- **Exercise directions**
Check every line of the data below for "reference". Copy each one that has it.

--- Data under study Enclosed Below ---

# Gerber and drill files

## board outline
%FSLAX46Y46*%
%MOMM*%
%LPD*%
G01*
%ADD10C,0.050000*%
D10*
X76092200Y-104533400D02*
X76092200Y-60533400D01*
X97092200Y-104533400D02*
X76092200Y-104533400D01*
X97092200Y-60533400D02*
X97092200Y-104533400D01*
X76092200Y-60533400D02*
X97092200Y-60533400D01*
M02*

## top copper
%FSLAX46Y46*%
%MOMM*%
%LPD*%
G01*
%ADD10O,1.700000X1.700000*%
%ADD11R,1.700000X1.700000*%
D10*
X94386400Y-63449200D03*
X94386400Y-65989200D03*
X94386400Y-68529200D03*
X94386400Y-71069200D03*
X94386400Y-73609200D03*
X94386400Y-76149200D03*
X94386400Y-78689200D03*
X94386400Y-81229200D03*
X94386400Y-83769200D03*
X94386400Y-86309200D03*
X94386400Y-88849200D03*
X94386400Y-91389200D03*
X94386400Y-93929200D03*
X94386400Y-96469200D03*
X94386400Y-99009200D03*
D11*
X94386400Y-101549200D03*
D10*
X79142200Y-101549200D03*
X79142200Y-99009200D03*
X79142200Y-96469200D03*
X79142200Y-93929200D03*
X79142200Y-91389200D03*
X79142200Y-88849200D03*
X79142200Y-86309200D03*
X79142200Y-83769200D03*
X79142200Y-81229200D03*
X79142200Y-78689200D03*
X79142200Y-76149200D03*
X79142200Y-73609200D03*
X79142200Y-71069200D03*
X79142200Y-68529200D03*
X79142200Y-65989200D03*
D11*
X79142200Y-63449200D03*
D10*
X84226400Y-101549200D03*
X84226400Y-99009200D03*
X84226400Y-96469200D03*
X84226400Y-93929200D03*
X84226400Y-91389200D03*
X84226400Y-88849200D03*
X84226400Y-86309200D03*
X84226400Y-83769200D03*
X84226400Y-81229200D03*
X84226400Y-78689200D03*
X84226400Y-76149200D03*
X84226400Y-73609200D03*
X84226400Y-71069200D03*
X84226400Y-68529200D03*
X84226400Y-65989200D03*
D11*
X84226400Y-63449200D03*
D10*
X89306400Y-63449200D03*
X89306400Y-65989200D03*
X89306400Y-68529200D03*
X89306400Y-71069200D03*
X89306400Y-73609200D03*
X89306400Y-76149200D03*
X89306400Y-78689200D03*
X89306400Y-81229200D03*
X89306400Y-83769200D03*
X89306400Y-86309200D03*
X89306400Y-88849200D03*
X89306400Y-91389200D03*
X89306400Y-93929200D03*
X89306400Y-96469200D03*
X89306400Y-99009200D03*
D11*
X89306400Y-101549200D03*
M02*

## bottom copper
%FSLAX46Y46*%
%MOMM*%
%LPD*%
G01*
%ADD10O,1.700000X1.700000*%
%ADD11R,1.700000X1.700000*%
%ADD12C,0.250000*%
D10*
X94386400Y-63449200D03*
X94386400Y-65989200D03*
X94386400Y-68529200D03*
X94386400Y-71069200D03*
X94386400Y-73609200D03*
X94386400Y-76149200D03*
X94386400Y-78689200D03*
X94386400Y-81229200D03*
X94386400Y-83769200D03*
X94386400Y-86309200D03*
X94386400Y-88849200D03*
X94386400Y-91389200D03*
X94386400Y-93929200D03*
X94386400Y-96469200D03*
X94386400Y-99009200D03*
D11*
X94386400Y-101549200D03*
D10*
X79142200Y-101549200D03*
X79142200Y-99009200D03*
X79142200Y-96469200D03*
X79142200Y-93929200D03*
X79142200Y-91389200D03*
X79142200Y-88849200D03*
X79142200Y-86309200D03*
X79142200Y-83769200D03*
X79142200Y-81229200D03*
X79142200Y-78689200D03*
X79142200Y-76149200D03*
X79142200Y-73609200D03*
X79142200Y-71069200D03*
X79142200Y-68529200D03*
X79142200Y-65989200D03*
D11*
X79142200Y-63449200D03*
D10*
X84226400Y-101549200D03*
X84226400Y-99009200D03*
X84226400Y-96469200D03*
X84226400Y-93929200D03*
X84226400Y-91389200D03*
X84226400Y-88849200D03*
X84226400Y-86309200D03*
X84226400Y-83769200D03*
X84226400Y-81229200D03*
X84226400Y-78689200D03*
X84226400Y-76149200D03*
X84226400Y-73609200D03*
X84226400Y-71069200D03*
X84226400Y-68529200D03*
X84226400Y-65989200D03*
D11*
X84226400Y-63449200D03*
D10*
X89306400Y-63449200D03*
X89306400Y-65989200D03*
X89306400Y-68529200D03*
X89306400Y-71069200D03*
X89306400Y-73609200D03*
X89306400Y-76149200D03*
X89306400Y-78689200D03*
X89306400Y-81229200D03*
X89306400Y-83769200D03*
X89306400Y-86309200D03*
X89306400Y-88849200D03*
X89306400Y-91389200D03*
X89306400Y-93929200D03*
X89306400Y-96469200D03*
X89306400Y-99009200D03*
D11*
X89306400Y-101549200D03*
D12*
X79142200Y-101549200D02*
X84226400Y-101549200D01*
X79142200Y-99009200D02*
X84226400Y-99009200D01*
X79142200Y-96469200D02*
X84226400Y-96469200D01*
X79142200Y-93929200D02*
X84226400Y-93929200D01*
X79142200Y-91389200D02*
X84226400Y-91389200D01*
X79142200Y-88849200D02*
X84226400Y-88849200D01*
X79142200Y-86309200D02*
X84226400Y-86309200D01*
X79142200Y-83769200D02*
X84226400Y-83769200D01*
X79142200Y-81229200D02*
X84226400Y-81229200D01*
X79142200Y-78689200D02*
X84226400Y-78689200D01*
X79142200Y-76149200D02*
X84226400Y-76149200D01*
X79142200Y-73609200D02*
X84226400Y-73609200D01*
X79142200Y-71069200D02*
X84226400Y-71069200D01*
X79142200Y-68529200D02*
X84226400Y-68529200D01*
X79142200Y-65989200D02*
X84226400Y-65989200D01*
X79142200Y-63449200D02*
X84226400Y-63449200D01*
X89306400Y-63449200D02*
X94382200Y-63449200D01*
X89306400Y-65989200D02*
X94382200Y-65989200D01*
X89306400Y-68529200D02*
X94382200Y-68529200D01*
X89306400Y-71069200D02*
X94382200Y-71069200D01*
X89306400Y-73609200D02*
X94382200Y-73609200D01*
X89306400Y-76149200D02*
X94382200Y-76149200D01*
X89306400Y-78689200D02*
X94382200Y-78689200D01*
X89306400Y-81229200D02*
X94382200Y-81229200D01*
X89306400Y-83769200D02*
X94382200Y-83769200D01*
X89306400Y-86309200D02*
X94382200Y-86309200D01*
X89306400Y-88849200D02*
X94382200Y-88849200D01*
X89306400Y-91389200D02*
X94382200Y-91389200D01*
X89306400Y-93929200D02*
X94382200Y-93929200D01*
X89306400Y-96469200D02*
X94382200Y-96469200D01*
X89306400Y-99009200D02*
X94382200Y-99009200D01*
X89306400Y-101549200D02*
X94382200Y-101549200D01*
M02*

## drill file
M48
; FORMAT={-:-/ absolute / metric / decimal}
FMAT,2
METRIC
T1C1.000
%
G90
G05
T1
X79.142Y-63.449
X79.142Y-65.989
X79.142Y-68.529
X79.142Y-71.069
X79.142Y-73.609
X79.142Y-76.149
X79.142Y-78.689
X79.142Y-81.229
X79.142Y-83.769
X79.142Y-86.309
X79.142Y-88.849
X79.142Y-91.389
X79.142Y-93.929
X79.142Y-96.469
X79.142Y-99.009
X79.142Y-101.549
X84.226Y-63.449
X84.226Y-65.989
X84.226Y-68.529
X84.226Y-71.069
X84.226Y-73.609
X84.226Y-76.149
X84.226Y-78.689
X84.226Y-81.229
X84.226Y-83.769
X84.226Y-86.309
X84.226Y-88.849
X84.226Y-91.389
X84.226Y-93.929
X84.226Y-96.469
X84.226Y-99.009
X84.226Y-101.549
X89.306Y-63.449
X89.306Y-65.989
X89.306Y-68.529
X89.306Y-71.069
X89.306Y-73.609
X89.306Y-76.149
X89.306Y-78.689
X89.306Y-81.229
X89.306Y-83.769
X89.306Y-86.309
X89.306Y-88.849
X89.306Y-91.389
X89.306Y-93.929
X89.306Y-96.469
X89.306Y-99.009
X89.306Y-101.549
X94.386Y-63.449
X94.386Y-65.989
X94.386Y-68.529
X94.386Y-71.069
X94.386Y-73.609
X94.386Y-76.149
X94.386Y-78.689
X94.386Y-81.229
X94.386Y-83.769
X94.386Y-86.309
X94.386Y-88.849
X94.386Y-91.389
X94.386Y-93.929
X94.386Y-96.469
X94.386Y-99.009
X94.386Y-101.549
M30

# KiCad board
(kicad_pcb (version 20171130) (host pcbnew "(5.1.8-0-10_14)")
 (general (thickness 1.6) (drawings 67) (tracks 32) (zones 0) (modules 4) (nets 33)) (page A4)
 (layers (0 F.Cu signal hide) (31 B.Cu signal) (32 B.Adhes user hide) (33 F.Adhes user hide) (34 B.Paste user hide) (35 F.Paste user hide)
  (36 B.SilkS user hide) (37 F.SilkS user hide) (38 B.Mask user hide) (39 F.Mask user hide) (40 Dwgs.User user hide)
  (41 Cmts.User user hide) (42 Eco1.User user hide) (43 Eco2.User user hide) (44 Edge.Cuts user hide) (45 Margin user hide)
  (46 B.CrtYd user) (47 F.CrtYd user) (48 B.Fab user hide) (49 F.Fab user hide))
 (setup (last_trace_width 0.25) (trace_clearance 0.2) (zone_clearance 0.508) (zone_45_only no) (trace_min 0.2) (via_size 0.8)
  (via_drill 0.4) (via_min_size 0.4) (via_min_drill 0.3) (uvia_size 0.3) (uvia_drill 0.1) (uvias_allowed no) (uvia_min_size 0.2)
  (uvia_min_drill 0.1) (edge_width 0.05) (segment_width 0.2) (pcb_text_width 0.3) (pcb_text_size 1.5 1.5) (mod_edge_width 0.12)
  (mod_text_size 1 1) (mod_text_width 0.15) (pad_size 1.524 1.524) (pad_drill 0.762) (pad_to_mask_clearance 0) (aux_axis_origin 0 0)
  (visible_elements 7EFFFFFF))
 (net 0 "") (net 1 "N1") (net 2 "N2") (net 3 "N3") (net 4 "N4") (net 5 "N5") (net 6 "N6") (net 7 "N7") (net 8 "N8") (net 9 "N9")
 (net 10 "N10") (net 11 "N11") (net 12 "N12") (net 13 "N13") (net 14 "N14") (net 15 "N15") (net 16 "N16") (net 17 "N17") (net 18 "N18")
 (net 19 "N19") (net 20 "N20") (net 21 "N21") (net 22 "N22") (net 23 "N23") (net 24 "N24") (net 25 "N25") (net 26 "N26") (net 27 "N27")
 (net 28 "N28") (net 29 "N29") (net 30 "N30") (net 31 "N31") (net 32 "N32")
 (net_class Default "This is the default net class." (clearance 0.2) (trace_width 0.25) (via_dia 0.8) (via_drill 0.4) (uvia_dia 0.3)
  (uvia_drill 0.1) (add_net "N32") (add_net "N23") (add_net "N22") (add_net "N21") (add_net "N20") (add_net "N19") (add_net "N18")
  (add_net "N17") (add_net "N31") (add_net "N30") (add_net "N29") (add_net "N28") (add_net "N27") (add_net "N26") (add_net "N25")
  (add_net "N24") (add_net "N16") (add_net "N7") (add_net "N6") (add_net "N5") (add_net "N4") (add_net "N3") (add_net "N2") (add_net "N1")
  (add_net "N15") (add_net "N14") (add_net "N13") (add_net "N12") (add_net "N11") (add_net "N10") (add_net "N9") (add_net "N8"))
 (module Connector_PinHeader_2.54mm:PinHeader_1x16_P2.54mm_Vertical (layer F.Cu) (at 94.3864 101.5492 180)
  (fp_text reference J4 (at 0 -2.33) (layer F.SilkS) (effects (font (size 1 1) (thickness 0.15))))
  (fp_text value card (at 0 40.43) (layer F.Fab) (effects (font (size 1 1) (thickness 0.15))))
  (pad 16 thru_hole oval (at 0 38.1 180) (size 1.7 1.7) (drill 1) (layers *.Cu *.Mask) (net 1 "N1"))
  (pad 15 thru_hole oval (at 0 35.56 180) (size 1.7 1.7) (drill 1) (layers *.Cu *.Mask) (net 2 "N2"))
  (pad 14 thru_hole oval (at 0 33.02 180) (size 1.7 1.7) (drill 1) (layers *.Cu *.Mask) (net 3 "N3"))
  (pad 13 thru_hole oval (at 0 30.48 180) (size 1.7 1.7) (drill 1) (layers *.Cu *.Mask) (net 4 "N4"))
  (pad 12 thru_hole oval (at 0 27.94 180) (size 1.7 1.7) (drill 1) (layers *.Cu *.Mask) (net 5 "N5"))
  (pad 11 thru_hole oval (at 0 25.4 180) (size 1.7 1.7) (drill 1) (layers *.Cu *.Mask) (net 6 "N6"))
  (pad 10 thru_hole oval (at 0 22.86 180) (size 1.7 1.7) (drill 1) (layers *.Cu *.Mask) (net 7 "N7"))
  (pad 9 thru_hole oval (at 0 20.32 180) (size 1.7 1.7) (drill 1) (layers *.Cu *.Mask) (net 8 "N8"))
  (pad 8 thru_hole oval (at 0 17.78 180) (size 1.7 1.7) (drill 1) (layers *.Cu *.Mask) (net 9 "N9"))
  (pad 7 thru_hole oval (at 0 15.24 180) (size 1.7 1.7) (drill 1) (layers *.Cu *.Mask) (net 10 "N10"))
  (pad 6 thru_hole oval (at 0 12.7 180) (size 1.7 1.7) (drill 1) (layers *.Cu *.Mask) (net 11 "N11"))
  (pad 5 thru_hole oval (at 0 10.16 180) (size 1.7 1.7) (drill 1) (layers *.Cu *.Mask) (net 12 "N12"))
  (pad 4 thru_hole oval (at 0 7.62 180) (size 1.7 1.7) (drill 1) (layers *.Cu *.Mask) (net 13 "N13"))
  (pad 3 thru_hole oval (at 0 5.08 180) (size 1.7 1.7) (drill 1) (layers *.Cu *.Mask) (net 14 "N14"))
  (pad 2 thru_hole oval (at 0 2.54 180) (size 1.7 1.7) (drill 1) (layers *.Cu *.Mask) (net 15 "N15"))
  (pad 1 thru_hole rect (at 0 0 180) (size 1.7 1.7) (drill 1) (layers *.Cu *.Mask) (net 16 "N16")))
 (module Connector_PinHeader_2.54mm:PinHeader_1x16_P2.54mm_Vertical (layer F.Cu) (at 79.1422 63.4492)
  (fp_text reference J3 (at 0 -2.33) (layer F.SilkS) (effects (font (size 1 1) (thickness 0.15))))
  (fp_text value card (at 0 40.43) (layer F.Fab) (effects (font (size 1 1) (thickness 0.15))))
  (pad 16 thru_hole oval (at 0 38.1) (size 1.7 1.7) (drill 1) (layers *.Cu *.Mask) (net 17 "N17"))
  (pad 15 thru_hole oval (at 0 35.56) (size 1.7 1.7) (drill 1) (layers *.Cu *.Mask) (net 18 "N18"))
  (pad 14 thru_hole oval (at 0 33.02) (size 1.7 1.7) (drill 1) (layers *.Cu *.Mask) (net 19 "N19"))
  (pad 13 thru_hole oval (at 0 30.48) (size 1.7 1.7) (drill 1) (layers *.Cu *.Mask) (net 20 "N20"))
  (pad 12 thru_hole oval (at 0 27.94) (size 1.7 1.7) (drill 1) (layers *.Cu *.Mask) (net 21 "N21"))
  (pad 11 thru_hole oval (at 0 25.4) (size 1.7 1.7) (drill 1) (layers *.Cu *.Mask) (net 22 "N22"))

--- End of Enclosed Data under study ---

- **Expected answer**
  (fp_text reference J4 (at 0 -2.33) (layer F.SilkS) (effects (font (size 1 1) (thickness 0.15))))
  (fp_text reference J3 (at 0 -2.33) (layer F.SilkS) (effects (font (size 1 1) (thickness 0.15))))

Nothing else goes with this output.